Ruiz-Cotorro A, Balius-Matas R, Estruch-Massana A E, Vilaró Angulo J
Spanish Tennis Federation, Spain.
Br J Sports Med. 2006 May;40(5):441-6; discussion 446. doi: 10.1136/bjsm.2005.023960.
The general aetiology, diagnosis, and treatment of spondylolysis, a bone defect in the pars interarticularis of the vertebra, are reviewed. A retrospective study of young tennis players diagnosed between 2000 and 2004 with spondylolysis with or without spondylolisthesis, assessed by radiography and planar bone scintigraphy, is described. If the radiographic results were negative, computed tomography was performed. Sixty six cases were evaluated: 53 L5 lesions, eight L4 lesions, two L3 lesions, and one bilateral lesion at the L2 level. Two more lesions at two levels were found (bilateral L5 and unilateral L4 and L3 on the right side). Classification, treatment, and outcome of the cases are reported. A combination of radiography, planar bone scintigraphy, and SPECT is useful for evaluating spondylolysis in tennis players and recommending treatment. Use of a brace did not appear to achieve significant results.

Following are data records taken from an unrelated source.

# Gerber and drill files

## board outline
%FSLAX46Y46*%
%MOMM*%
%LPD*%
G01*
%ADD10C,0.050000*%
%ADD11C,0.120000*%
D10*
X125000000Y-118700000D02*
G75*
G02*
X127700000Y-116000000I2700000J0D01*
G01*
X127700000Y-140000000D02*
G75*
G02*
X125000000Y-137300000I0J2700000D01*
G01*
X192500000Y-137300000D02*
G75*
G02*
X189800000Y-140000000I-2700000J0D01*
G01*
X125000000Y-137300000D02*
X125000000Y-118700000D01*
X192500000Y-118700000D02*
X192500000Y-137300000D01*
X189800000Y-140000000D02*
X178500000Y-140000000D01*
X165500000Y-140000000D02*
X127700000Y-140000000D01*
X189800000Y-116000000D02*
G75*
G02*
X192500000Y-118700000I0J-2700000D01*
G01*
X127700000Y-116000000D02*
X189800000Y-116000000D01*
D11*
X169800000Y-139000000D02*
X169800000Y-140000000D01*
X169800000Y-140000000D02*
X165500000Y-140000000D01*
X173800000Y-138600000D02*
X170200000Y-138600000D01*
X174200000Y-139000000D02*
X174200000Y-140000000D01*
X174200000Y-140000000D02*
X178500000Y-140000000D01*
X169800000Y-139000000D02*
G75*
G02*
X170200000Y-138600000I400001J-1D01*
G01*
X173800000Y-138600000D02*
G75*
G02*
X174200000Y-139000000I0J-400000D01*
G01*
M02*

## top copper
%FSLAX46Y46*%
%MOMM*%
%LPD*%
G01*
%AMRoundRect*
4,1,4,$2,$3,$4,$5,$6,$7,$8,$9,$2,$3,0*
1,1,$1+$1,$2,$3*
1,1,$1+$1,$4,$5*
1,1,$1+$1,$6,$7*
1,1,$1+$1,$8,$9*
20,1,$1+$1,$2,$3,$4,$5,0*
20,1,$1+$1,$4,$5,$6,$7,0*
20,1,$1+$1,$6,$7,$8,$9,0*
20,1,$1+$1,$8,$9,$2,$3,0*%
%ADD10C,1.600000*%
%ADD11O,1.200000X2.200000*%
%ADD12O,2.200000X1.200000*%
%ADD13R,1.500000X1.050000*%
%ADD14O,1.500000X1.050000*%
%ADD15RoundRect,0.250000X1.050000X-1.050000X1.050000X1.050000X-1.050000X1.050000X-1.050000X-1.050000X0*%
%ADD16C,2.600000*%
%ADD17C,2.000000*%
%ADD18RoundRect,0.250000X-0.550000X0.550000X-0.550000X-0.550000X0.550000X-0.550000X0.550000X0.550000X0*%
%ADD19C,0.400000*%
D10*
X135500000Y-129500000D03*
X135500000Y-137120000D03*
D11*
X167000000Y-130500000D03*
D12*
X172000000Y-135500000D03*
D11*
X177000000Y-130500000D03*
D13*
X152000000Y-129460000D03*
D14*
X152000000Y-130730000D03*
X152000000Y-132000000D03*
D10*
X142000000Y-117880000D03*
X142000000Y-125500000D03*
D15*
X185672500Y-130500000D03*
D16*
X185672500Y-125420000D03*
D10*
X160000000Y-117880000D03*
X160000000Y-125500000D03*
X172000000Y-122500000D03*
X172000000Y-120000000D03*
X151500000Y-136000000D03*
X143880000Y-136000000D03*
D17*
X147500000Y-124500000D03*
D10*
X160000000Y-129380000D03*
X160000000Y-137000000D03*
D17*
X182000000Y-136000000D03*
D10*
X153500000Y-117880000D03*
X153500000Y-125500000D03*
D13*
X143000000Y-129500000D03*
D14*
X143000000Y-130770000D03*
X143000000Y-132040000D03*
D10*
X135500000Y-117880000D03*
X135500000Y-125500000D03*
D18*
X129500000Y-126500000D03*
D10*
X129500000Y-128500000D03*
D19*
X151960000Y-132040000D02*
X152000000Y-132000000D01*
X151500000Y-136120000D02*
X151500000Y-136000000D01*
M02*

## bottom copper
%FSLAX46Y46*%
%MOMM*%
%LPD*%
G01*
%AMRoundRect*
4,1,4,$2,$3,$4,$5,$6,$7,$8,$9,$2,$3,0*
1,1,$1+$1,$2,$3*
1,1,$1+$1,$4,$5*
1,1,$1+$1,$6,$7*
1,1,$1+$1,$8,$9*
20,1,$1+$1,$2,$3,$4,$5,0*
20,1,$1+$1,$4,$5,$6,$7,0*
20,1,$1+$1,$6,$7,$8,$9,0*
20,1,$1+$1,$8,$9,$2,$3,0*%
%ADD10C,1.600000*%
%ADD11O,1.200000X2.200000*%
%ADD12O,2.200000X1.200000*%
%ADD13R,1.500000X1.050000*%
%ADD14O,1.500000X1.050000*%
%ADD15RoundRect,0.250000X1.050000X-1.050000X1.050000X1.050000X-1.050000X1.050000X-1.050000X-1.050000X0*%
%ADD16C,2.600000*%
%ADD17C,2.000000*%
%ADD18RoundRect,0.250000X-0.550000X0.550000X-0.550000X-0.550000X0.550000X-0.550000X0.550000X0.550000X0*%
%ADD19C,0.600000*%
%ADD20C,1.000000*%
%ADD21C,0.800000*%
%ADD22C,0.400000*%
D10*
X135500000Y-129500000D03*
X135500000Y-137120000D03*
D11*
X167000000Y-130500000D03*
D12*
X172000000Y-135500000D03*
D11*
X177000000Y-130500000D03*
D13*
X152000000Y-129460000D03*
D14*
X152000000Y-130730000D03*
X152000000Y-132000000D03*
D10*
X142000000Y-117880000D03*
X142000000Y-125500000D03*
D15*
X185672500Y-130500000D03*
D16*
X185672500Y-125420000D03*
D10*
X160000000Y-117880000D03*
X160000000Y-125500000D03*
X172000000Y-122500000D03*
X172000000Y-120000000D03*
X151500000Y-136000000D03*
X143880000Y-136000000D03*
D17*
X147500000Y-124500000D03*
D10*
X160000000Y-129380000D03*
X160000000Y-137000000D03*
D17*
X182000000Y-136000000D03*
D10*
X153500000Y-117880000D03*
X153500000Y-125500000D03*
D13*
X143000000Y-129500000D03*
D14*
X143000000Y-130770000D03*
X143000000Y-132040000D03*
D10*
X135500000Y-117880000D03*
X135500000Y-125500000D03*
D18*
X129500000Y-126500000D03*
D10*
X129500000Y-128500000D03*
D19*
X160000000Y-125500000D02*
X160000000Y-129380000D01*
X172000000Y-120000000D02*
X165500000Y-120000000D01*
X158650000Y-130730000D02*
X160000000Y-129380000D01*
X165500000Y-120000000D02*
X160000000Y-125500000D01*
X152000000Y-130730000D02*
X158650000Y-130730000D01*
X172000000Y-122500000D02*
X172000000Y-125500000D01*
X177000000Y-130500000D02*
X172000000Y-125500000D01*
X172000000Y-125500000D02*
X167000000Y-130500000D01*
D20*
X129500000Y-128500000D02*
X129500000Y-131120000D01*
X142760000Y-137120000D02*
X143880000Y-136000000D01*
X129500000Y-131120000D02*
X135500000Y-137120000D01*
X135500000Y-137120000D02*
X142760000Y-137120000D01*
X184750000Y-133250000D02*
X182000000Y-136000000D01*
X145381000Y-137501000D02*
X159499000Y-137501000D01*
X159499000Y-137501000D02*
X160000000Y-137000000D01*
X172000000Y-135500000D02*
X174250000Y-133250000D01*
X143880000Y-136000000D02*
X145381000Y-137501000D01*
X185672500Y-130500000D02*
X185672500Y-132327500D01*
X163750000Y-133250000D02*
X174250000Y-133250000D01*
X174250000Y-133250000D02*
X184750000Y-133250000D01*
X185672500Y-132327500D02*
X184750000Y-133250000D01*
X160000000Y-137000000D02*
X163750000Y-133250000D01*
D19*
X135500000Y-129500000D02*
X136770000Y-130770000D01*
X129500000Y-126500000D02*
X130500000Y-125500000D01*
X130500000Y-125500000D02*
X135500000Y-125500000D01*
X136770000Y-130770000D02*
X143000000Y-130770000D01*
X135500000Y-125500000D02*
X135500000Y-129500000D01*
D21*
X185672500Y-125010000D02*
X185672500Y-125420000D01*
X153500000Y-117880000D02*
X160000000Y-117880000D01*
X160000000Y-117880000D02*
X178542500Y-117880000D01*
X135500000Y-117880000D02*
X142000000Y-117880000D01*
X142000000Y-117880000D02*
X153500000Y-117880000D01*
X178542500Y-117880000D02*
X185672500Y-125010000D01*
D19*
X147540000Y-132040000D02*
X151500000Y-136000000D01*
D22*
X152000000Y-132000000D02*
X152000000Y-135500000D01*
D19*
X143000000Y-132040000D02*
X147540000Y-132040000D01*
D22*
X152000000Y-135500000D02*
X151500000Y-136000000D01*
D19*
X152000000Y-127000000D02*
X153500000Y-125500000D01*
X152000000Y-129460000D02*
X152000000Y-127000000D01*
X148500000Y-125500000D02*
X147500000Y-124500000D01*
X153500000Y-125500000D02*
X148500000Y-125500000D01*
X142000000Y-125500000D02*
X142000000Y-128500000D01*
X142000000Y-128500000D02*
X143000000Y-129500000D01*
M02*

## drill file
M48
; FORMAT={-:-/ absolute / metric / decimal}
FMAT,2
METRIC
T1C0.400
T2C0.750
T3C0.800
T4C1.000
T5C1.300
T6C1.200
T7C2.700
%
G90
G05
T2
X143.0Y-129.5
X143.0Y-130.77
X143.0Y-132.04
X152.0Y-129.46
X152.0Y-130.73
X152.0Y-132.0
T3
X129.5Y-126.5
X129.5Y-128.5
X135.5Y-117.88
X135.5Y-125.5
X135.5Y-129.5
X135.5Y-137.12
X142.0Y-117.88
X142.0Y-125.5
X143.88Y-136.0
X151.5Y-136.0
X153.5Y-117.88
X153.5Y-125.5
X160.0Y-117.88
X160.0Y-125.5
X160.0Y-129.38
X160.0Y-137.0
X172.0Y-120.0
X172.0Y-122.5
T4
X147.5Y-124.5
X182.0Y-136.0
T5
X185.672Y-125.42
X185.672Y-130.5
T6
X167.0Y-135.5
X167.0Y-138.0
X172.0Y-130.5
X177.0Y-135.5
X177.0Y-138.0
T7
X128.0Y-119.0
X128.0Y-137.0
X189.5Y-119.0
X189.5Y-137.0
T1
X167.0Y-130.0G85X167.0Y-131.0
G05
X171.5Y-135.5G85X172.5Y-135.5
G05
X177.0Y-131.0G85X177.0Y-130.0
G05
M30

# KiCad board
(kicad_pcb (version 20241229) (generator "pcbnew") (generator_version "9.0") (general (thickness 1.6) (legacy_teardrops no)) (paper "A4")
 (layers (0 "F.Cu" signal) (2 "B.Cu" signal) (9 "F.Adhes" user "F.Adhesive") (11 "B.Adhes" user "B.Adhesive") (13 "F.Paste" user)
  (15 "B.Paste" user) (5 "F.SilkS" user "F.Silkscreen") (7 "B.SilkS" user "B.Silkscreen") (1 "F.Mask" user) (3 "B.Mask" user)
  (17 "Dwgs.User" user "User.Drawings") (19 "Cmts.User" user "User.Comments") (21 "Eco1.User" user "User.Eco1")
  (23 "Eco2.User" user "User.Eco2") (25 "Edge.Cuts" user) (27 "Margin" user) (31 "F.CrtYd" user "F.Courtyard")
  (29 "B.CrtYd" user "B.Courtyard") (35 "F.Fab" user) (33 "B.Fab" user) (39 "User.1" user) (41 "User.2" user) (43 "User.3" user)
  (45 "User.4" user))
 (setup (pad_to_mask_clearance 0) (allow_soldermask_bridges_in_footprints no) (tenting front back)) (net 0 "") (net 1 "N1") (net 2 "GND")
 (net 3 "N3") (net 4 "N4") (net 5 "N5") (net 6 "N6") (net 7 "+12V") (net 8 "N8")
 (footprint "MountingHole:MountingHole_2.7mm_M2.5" (layer "F.Cu") (at 128 137)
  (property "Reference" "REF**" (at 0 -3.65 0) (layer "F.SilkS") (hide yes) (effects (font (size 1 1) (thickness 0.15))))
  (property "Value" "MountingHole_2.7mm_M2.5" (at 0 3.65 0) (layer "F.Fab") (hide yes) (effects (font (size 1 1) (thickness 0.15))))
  (pad "" np_thru_hole circle (at 0 0) (size 2.7 2.7) (drill 2.7) (layers "*.Cu" "*.Mask")))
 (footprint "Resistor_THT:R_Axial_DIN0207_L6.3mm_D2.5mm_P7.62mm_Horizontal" (layer "F.Cu") (at 135.5 129.5 -90)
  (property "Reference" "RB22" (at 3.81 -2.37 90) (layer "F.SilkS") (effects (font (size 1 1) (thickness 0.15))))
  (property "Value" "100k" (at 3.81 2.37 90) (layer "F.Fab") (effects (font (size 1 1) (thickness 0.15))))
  (pad "1" thru_hole circle (at 0 0 270) (size 1.6 1.6) (drill 0.8) (layers "*.Cu" "*.Mask") (remove_unused_layers no) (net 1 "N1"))
  (pad "2" thru_hole circle (at 7.62 0 270) (size 1.6 1.6) (drill 0.8) (layers "*.Cu" "*.Mask") (remove_unused_layers no) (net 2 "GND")))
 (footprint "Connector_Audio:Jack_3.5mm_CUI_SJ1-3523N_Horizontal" (layer "F.Cu") (at 172 135.5)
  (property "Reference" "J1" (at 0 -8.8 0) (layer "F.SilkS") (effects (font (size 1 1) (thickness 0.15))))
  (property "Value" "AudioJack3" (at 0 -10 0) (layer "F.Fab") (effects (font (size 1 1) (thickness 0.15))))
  (fp_line (start -2.2 3.5) (end -2.2 4.5) (stroke (width 0.12) (type solid)) (layer "Edge.Cuts"))
  (fp_line (start -2.2 4.5) (end -6.5 4.5) (stroke (width 0.12) (type solid)) (layer "Edge.Cuts"))
  (fp_line (start 1.8 3.1) (end -1.8 3.1) (stroke (width 0.12) (type solid)) (layer "Edge.Cuts"))
  (fp_line (start 2.2 3.5) (end 2.2 4.5) (stroke (width 0.12) (type solid)) (layer "Edge.Cuts"))
  (fp_line (start 2.2 4.5) (end 6.5 4.5) (stroke (width 0.12) (type solid)) (layer "Edge.Cuts"))
  (fp_arc (start -2.2 3.5) (mid -2.082843 3.217158) (end -1.8 3.1) (stroke (width 0.12) (type solid)) (layer "Edge.Cuts"))
  (fp_arc (start 1.8 3.1) (mid 2.082843 3.217157) (end 2.2 3.5) (stroke (width 0.12) (type solid)) (layer "Edge.Cuts"))
  (pad "" np_thru_hole circle (at -5 0) (size 1.2 1.2) (drill 1.2) (layers "*.Cu" "*.Mask"))
  (pad "" np_thru_hole circle (at -5 2.5) (size 1.2 1.2) (drill 1.2) (layers "*.Cu" "*.Mask"))
  (pad "" np_thru_hole circle (at 0 -5) (size 1.2 1.2) (drill 1.2) (layers "*.Cu" "*.Mask"))
  (pad "" np_thru_hole circle (at 5 0) (size 1.2 1.2) (drill 1.2) (layers "*.Cu" "*.Mask"))
  (pad "" np_thru_hole circle (at 5 2.5) (size 1.2 1.2) (drill 1.2) (layers "*.Cu" "*.Mask"))
  (pad "R" thru_hole oval (at -5 -5) (size 1.2 2.2) (drill oval 0.4 1.4) (layers "*.Cu" "*.Mask") (remove_unused_layers no) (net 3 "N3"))
  (pad "S" thru_hole oval (at 0 0) (size 2.2 1.2) (drill oval 1.4 0.4) (layers "*.Cu" "*.Mask") (remove_unused_layers no) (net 2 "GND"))
  (pad "T" thru_hole oval (at 5 -5 180) (size 1.2 2.2) (drill oval 0.4 1.4) (layers "*.Cu" "*.Mask") (remove_unused_layers no) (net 3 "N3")))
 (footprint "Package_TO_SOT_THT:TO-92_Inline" (layer "F.Cu") (at 152 129.46 -90)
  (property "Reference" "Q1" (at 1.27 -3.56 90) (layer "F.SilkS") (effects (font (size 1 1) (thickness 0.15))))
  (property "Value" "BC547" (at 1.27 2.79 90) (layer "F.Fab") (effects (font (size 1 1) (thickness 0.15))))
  (pad "1" thru_hole rect (at 0 0 270) (size 1.05 1.5) (drill 0.75) (layers "*.Cu" "*.Mask") (remove_unused_layers no) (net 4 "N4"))
  (pad "2" thru_hole oval (at 1.27 0 270) (size 1.05 1.5) (drill 0.75) (layers "*.Cu" "*.Mask") (remove_unused_layers no) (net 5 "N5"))
  (pad "3" thru_hole oval (at 2.54 0 270) (size 1.05 1.5) (drill 0.75) (layers "*.Cu" "*.Mask") (remove_unused_layers no) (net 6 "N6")))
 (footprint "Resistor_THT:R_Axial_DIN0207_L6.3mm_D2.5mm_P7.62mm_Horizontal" (layer "F.Cu") (at 142 117.88 -90)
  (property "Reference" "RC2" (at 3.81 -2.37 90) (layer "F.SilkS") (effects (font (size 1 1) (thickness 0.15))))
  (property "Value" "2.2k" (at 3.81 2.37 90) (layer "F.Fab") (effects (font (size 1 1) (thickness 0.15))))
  (pad "1" thru_hole circle (at 0 0 270) (size 1.6 1.6) (drill 0.8) (layers "*.Cu" "*.Mask") (remove_unused_layers no) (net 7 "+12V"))
  (pad "2" thru_hole circle (at 7.62 0 270) (size 1.6 1.6) (drill 0.8) (layers "*.Cu" "*.Mask") (remove_unused_layers no) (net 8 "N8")))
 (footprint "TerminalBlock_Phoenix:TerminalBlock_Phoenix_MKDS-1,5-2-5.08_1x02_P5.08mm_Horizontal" (layer "F.Cu") (at 185.6725 130.5 90)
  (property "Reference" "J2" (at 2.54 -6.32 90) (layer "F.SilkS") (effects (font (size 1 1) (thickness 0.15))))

本文综述了椎弓根峡部裂(一种椎体椎弓根间骨缺损)的一般病因、诊断和治疗方法。描述了一项对2000年至2004年间经X线摄影和平面骨闪烁扫描评估诊断为椎弓根峡部裂伴或不伴椎体滑脱的年轻网球运动员进行的回顾性研究。如果X线摄影结果为阴性,则进行计算机断层扫描。共评估了66例病例:53例为L5病变,8例为L4病变,2例为L3病变,1例为L2水平的双侧病变。另外还发现了两个节段的病变(双侧L5以及右侧的单侧L4和L3)。报告了病例的分类、治疗和结果。X线摄影、平面骨闪烁扫描和单光子发射计算机断层扫描(SPECT)相结合,有助于评估网球运动员的椎弓根峡部裂并推荐治疗方案。使用支具似乎未取得显著效果。